What is required: Only lines that contain the word "CrtYd" are to be returned from the data below.
BEGIN The records
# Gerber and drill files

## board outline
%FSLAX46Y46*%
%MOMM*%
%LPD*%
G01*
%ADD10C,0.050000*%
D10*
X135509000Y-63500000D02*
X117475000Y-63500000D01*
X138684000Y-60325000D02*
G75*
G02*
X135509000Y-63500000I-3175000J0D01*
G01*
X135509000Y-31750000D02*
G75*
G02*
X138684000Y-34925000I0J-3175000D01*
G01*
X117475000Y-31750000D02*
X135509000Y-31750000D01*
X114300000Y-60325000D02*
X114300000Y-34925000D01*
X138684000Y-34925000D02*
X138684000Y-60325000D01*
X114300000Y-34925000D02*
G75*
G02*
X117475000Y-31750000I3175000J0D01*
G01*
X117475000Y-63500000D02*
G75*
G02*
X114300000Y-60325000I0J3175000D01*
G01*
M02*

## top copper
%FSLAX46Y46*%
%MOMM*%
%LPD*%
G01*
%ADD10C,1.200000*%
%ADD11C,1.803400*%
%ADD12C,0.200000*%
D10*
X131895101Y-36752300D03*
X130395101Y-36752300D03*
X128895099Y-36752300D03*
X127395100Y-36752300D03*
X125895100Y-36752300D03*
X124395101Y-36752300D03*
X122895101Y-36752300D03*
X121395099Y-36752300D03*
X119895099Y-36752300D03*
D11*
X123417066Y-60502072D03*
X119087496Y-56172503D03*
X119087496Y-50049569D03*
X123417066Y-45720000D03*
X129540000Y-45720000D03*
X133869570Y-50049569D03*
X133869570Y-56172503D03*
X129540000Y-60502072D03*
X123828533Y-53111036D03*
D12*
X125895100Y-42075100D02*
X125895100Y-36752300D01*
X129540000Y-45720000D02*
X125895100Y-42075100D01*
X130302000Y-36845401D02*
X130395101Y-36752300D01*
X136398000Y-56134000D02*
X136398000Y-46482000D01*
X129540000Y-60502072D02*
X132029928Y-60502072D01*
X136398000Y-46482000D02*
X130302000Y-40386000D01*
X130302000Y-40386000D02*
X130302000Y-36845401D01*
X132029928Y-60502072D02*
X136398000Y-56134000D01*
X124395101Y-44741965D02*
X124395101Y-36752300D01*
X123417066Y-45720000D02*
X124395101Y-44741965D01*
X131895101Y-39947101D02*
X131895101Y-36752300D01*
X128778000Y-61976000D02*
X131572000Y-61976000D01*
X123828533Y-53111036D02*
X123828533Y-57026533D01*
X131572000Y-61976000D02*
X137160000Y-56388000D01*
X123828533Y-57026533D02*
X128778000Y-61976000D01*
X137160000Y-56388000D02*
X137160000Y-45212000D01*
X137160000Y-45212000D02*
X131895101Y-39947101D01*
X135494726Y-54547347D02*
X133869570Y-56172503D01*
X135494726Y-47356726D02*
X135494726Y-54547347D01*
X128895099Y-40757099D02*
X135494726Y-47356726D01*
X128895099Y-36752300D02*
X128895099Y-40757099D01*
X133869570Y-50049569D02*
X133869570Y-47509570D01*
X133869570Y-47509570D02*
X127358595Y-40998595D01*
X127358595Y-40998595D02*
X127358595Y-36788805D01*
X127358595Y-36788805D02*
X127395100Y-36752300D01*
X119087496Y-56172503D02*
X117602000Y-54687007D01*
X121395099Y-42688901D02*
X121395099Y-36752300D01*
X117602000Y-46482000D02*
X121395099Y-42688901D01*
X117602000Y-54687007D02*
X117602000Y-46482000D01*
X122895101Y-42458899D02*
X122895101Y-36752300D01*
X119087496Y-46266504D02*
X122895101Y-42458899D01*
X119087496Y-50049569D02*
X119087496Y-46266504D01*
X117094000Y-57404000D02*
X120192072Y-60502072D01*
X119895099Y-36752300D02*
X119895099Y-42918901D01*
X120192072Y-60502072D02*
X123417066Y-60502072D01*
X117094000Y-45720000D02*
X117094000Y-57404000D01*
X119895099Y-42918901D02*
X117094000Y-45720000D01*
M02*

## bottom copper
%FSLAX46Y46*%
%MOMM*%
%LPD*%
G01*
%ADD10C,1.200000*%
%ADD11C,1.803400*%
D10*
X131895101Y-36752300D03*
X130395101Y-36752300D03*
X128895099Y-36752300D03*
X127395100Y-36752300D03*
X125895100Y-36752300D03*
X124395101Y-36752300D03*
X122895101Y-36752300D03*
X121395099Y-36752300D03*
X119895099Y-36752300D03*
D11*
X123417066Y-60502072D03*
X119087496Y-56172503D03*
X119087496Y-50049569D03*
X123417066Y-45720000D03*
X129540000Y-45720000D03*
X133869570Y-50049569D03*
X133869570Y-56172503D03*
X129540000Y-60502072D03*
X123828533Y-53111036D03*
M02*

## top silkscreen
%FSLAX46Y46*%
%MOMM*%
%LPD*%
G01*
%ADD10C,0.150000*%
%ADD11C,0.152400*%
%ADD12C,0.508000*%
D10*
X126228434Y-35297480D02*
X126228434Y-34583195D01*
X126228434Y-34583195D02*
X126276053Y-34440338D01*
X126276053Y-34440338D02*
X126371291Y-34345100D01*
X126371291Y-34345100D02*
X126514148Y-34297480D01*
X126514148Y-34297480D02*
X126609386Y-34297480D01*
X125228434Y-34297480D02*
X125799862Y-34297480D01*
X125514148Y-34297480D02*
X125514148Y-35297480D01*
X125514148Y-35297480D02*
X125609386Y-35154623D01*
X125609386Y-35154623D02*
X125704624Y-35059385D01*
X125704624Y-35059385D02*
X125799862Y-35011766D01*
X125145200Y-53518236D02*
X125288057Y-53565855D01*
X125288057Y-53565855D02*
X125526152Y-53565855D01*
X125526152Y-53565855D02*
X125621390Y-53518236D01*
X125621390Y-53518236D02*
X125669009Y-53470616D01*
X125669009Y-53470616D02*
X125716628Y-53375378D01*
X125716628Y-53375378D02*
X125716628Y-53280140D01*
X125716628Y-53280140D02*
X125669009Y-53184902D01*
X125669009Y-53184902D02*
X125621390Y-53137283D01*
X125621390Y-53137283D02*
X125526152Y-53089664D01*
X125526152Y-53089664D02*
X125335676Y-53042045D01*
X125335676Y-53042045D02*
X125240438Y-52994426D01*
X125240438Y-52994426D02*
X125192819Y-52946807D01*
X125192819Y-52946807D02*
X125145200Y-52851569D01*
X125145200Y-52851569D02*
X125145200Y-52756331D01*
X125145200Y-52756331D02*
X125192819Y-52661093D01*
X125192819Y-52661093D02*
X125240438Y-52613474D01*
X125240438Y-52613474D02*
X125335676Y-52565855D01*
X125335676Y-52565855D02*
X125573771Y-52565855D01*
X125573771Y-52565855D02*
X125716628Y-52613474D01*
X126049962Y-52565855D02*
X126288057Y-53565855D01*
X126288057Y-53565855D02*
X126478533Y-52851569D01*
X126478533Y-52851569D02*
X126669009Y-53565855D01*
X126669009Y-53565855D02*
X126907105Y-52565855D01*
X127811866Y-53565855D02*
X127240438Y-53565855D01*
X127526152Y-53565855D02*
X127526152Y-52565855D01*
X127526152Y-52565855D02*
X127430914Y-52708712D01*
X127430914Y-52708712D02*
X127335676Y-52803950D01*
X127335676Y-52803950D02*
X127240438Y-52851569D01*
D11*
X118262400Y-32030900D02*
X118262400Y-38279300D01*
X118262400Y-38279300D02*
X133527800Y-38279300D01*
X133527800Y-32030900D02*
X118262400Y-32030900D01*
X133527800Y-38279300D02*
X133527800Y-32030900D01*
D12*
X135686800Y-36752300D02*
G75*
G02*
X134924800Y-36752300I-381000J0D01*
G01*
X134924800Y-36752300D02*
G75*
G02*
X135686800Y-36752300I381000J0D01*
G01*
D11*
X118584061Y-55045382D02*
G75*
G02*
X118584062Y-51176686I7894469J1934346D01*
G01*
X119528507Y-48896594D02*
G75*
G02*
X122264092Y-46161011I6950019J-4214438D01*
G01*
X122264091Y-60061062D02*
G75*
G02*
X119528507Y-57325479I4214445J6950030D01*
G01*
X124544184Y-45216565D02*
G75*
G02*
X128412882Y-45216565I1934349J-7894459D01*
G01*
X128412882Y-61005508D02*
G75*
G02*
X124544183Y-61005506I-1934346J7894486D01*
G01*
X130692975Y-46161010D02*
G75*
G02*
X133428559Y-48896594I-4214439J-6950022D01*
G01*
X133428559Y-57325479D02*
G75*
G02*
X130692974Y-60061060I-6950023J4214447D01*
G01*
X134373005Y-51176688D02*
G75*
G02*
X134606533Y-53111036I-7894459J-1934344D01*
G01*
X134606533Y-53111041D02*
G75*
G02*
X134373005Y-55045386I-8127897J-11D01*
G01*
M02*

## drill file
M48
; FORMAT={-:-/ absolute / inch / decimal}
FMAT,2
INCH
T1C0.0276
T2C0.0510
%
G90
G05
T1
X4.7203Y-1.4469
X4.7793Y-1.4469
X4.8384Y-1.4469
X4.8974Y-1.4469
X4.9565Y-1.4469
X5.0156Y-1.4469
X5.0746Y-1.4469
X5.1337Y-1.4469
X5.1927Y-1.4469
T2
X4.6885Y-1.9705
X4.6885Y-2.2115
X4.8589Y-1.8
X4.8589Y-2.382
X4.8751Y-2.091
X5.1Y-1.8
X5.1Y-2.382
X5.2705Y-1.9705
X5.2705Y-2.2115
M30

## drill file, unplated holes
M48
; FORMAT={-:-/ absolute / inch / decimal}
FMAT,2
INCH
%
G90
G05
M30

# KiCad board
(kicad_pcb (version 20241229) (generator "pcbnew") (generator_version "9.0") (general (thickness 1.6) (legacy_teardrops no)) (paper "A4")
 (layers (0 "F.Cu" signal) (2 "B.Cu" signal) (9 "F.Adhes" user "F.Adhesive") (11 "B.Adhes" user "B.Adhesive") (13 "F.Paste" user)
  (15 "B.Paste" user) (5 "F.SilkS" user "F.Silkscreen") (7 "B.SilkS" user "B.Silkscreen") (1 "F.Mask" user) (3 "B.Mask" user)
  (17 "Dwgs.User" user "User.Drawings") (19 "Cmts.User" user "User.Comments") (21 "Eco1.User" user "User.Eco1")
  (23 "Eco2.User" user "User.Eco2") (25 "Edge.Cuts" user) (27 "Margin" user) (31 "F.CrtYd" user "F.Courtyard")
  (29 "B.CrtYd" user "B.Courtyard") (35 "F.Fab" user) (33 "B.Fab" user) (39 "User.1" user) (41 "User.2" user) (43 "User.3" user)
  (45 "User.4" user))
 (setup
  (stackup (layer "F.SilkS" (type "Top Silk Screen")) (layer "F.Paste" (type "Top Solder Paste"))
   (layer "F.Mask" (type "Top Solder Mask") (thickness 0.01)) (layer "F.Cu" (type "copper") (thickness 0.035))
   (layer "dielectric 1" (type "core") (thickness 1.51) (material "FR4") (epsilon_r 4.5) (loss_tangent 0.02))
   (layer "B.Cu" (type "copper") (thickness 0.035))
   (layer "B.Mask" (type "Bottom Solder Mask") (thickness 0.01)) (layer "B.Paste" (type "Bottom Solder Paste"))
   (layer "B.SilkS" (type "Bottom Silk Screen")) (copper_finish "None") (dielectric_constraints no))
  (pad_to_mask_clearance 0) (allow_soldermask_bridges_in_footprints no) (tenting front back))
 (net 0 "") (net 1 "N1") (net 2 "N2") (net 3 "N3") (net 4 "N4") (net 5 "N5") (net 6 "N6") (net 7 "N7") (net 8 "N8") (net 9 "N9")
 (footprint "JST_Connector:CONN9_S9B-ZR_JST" (layer "F.Cu") (at 131.895101 36.7523 180)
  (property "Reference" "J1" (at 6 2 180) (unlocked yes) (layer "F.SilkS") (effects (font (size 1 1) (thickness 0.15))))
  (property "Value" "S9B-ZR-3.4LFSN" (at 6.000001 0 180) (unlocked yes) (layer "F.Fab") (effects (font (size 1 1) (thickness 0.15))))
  (fp_line (start 13.632701 4.7214) (end 13.632701 -1.527) (stroke (width 0.1524) (type solid)) (layer "F.SilkS"))
  (fp_line (start 13.632701 -1.527) (end -1.632699 -1.527) (stroke (width 0.1524) (type solid)) (layer "F.SilkS"))
  (fp_line (start -1.632699 4.7214) (end 13.632701 4.7214) (stroke (width 0.1524) (type solid)) (layer "F.SilkS"))
  (fp_line (start -1.632699 -1.527) (end -1.632699 4.7214) (stroke (width 0.1524) (type solid)) (layer "F.SilkS"))
  (fp_circle (center -3.410699 0) (end -3.029699 0) (stroke (width 0.508) (type solid)) (fill no) (layer "F.SilkS"))
  (pad "1" thru_hole circle (at 0 0 180) (size 1.2 1.2) (drill 0.7) (layers "*.Cu" "*.Mask") (remove_unused_layers no) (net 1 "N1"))
  (pad "2" thru_hole circle (at 1.5 0 180) (size 1.2 1.2) (drill 0.7) (layers "*.Cu" "*.Mask") (remove_unused_layers no) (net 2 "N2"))
  (pad "3" thru_hole circle (at 3.000002 0 180) (size 1.2 1.2) (drill 0.7) (layers "*.Cu" "*.Mask") (remove_unused_layers no) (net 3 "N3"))
  (pad "4" thru_hole circle (at 4.500001 0 180) (size 1.2 1.2) (drill 0.7) (layers "*.Cu" "*.Mask") (remove_unused_layers no) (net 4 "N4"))
  (pad "5" thru_hole circle (at 6.000001 0 180) (size 1.2 1.2) (drill 0.7) (layers "*.Cu" "*.Mask") (remove_unused_layers no) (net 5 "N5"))
  (pad "6" thru_hole circle (at 7.5 0 180) (size 1.2 1.2) (drill 0.7) (layers "*.Cu" "*.Mask") (remove_unused_layers no) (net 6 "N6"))
  (pad "7" thru_hole circle (at 9 0 180) (size 1.2 1.2) (drill 0.7) (layers "*.Cu" "*.Mask") (remove_unused_layers no) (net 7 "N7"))
  (pad "8" thru_hole circle (at 10.500002 0 180) (size 1.2 1.2) (drill 0.7) (layers "*.Cu" "*.Mask") (remove_unused_layers no) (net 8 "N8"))
  (pad "9" thru_hole circle (at 12.000002 0 180) (size 1.2 1.2) (drill 0.7) (layers "*.Cu" "*.Mask") (remove_unused_layers no) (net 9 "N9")))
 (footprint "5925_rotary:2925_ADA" (layer "F.Cu") (at 123.417066 60.502072)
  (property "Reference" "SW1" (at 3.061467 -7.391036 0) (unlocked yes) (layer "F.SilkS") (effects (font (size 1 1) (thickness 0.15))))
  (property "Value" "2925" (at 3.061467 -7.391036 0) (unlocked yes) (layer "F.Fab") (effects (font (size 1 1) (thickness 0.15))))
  (fp_arc (start -4.833005 -5.45669) (mid -5.066533 -7.391038) (end -4.833004 -9.325386) (stroke (width 0.1524) (type solid))
   (layer "F.SilkS"))
  (fp_arc (start -3.888559 -11.605478) (mid -2.685897 -13.1384) (end -1.152975 -14.341062) (stroke (width 0.1524) (type solid))
   (layer "F.SilkS"))
  (fp_arc (start -1.152975 -0.44101) (mid -2.685897 -1.643672) (end -3.888559 -3.176593) (stroke (width 0.1524) (type solid))
   (layer "F.SilkS"))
END The records
Solution to the exercise:
  (23 "Eco2.User" user "User.Eco2") (25 "Edge.Cuts" user) (27 "Margin" user) (31 "F.CrtYd" user "F.Courtyard")
  (29 "B.CrtYd" user "B.Courtyard") (35 "F.Fab" user) (33 "B.Fab" user) (39 "User.1" user) (41 "User.2" user) (43 "User.3" user)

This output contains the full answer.